(Data excerpts Opens)

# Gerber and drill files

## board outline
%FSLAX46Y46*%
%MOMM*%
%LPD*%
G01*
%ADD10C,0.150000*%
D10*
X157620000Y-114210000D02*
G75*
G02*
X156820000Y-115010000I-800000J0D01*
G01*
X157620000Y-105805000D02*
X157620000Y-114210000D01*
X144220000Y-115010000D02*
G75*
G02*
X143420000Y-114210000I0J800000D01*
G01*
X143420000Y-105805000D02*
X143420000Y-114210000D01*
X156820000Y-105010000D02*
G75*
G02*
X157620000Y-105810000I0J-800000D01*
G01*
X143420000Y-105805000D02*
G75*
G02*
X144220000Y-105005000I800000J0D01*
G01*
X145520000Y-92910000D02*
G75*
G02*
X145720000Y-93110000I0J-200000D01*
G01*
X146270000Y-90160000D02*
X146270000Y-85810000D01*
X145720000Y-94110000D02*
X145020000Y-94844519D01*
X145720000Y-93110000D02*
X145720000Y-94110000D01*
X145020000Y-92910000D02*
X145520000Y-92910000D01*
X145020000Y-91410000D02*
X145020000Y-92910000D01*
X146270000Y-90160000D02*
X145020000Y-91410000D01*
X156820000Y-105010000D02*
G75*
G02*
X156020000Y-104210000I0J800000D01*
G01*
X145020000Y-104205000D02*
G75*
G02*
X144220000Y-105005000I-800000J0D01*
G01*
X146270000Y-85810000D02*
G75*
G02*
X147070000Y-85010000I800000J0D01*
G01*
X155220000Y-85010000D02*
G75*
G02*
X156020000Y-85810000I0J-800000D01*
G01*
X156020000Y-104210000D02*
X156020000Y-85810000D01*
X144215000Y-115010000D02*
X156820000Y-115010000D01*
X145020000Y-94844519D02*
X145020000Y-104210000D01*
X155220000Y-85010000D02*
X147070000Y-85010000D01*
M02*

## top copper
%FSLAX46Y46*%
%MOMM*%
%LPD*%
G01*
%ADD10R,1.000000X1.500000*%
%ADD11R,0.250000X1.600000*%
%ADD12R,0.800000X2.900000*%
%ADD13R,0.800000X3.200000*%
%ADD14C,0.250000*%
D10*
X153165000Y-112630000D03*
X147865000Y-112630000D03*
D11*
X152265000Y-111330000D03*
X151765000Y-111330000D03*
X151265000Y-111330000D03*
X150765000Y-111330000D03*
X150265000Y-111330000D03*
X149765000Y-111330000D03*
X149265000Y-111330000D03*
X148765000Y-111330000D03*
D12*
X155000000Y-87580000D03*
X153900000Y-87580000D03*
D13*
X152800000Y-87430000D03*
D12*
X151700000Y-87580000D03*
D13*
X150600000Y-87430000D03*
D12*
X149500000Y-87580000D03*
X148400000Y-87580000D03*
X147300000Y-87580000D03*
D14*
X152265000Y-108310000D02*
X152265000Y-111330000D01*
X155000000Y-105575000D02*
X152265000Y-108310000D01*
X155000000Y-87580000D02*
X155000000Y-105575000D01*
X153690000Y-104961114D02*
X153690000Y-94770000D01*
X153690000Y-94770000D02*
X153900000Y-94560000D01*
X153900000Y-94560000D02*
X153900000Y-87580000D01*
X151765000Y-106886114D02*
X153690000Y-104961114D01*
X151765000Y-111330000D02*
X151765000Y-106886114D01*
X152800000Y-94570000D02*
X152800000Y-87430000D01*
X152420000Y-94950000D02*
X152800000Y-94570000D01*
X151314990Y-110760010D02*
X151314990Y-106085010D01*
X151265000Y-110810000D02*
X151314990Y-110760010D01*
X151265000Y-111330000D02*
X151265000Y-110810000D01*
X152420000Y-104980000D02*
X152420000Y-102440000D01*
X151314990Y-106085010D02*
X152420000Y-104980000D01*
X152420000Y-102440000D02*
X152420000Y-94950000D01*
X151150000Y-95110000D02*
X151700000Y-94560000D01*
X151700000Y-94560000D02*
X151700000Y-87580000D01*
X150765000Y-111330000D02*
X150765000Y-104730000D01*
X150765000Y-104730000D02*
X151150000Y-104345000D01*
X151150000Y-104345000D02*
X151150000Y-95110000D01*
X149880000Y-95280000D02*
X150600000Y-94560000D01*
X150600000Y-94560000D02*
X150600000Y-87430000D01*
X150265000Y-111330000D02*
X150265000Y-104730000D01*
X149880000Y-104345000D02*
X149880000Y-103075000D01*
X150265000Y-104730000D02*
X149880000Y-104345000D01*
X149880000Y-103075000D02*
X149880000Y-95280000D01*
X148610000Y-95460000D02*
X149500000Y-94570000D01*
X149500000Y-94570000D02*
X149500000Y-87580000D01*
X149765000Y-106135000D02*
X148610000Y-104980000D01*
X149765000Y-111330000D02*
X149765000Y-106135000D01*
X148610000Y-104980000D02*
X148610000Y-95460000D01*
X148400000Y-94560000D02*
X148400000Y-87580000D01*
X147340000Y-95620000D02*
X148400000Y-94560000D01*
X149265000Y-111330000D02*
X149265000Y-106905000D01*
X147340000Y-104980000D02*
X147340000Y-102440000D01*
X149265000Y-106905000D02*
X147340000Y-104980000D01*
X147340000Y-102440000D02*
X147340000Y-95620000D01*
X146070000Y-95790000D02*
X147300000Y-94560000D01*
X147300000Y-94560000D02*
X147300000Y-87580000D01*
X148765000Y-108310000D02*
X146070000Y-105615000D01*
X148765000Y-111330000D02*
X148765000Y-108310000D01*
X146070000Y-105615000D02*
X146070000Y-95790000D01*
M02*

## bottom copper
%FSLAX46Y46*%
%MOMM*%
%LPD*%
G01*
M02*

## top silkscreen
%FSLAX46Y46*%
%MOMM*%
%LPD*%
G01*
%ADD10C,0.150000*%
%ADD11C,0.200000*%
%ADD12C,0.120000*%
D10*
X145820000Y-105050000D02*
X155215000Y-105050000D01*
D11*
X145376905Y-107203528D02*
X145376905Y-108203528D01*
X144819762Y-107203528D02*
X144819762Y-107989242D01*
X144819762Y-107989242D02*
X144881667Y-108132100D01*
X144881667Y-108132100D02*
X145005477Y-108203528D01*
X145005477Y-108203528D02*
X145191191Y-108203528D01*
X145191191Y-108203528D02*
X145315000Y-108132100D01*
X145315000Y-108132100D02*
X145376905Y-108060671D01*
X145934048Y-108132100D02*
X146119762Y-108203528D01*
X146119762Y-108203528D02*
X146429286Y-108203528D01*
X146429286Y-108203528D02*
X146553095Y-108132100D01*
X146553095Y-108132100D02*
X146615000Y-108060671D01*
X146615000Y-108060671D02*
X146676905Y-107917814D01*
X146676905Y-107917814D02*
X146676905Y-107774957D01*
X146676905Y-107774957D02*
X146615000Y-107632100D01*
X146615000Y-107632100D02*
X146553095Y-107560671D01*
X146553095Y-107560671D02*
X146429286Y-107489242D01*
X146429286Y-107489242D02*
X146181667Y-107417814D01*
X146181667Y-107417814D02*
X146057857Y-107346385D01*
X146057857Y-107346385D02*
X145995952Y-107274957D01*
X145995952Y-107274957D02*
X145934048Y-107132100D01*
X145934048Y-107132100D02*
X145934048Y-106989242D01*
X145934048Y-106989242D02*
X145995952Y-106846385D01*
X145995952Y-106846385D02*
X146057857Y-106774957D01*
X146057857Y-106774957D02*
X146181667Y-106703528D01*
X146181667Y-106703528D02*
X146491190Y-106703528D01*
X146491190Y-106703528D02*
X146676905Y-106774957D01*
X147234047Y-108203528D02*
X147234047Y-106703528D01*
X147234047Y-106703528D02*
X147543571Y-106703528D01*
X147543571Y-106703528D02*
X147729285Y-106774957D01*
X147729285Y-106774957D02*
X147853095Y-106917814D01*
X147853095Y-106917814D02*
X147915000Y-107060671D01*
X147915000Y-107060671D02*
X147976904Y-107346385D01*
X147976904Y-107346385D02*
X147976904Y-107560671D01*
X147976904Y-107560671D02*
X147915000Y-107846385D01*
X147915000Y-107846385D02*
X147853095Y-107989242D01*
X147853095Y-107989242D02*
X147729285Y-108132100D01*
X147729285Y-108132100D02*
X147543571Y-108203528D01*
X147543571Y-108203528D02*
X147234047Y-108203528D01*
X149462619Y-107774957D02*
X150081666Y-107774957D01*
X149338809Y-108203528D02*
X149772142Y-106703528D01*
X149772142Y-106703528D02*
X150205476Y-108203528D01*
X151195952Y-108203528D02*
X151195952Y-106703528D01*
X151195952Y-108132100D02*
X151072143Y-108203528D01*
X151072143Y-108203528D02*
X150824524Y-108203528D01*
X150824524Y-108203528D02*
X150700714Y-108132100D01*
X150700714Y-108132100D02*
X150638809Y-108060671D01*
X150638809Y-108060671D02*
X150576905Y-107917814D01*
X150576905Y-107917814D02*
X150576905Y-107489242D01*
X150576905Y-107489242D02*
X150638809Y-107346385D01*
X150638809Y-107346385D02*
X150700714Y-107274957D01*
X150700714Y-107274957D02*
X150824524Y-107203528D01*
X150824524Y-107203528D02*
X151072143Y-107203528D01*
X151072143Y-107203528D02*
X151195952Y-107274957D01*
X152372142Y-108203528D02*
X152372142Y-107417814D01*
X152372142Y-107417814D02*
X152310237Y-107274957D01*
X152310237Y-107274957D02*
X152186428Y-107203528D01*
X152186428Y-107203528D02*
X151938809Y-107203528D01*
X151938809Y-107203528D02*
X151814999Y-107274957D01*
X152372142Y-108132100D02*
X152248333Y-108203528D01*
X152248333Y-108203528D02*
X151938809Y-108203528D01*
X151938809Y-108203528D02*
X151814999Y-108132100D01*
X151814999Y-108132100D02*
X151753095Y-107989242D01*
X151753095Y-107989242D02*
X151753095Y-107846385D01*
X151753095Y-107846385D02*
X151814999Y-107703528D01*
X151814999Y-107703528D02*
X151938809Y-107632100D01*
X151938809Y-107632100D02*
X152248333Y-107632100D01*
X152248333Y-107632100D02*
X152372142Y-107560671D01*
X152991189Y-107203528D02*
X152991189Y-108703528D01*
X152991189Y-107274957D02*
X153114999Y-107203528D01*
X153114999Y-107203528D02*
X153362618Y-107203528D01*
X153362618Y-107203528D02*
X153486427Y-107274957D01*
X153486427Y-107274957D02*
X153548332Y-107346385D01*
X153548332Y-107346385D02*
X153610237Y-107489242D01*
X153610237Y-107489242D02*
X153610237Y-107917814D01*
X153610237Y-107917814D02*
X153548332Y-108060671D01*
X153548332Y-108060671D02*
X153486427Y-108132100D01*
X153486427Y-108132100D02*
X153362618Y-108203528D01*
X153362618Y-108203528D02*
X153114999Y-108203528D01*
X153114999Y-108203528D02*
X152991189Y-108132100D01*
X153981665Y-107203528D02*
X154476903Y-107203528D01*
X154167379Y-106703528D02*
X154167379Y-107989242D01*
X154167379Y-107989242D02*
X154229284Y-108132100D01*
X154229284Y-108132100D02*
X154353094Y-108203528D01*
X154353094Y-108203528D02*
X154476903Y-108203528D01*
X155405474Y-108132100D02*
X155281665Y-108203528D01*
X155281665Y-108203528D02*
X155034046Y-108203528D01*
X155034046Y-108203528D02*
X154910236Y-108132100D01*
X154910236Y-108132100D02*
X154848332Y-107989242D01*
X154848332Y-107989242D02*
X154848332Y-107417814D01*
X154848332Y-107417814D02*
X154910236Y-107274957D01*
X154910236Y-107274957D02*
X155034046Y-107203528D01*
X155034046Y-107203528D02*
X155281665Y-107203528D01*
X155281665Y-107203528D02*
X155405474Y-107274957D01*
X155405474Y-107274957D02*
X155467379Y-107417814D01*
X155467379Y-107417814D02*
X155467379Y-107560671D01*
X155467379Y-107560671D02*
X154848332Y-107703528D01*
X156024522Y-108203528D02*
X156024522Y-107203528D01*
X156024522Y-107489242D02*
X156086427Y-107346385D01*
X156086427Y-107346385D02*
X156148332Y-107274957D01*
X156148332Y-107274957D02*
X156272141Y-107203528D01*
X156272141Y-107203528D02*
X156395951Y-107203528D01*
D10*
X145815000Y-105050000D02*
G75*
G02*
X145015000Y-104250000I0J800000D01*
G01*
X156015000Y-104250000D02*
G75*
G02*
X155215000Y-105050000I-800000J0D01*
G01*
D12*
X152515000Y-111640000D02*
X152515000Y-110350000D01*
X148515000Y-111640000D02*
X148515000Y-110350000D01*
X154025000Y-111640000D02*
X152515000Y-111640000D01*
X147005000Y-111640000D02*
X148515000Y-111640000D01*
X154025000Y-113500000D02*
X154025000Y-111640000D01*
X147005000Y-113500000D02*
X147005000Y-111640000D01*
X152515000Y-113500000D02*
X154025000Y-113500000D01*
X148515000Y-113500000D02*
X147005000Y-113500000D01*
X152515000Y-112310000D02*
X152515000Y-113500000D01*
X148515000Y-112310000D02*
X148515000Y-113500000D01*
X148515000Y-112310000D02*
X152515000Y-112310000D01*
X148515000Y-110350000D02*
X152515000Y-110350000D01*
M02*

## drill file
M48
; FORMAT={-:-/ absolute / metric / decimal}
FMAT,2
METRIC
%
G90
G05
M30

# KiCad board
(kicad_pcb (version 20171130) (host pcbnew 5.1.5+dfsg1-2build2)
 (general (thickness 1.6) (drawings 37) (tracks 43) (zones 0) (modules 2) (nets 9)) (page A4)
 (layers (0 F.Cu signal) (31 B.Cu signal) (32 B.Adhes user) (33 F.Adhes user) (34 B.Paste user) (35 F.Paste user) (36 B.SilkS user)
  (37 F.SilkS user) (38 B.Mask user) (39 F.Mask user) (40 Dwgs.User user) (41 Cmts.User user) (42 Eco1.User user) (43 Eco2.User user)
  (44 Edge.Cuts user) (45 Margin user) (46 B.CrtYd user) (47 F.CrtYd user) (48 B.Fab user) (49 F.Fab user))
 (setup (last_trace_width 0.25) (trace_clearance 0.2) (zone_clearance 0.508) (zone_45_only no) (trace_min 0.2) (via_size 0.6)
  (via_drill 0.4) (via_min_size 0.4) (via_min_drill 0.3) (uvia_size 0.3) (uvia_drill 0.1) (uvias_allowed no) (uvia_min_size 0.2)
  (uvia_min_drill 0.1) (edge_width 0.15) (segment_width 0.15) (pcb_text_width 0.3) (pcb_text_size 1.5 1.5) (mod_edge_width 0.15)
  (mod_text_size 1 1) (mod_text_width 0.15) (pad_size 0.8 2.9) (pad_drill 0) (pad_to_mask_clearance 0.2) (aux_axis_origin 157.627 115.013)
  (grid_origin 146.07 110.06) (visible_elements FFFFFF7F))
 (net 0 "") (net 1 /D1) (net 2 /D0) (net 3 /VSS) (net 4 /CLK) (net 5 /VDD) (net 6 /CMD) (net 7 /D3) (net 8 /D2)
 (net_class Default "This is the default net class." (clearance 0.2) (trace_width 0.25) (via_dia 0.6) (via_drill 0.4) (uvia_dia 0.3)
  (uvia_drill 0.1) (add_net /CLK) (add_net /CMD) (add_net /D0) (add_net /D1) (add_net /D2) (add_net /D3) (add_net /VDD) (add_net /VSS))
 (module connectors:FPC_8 (layer F.Cu) (at 150.515 111.33)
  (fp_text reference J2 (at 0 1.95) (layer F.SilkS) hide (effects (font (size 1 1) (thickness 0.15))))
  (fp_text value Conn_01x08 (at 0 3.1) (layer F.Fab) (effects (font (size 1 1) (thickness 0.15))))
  (fp_line (start 2 0.31) (end 2 -0.98) (layer F.SilkS) (width 0.12))
  (fp_line (start -2 0.31) (end -2 -0.98) (layer F.SilkS) (width 0.12))
  (fp_line (start 3.51 0.31) (end 2 0.31) (layer F.SilkS) (width 0.12))
  (fp_line (start -3.51 0.31) (end -2 0.31) (layer F.SilkS) (width 0.12))
  (fp_line (start 3.51 2.17) (end 3.51 0.31) (layer F.SilkS) (width 0.12))
  (fp_line (start -3.51 2.17) (end -3.51 0.31) (layer F.SilkS) (width 0.12))
  (fp_line (start 2 2.17) (end 3.51 2.17) (layer F.SilkS) (width 0.12))
  (fp_line (start -2 2.17) (end -3.51 2.17) (layer F.SilkS) (width 0.12))
  (fp_line (start 2 0.98) (end 2 2.17) (layer F.SilkS) (width 0.12))
  (fp_line (start -2 0.98) (end -2 2.17) (layer F.SilkS) (width 0.12))
  (fp_line (start -2 0.98) (end 2 0.98) (layer F.SilkS) (width 0.12))
  (fp_line (start -2 -0.98) (end 2 -0.98) (layer F.SilkS) (width 0.12))
  (pad 0 smd rect (at 2.65 1.3) (size 1 1.5) (layers F.Cu F.Paste F.Mask))
  (pad 0 smd rect (at -2.65 1.3) (size 1 1.5) (layers F.Cu F.Paste F.Mask))
  (pad 8 smd rect (at 1.75 0) (size 0.25 1.6) (layers F.Cu F.Paste F.Mask) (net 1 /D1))
  (pad 7 smd rect (at 1.25 0) (size 0.25 1.6) (layers F.Cu F.Paste F.Mask) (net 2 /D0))
  (pad 6 smd rect (at 0.75 0) (size 0.25 1.6) (layers F.Cu F.Paste F.Mask) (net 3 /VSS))
  (pad 5 smd rect (at 0.25 0) (size 0.25 1.6) (layers F.Cu F.Paste F.Mask) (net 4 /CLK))
  (pad 4 smd rect (at -0.25 0) (size 0.25 1.6) (layers F.Cu F.Paste F.Mask) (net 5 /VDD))
  (pad 3 smd rect (at -0.75 0) (size 0.25 1.6) (layers F.Cu F.Paste F.Mask) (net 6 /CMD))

(Data excerpts Closes)

Exercise objective » Go through the material and copy each line that contains "user".

Your solution »
 (layers (0 F.Cu signal) (31 B.Cu signal) (32 B.Adhes user) (33 F.Adhes user) (34 B.Paste user) (35 F.Paste user) (36 B.SilkS user)
  (37 F.SilkS user) (38 B.Mask user) (39 F.Mask user) (40 Dwgs.User user) (41 Cmts.User user) (42 Eco1.User user) (43 Eco2.User user)
  (44 Edge.Cuts user) (45 Margin user) (46 B.CrtYd user) (47 F.CrtYd user) (48 B.Fab user) (49 F.Fab user))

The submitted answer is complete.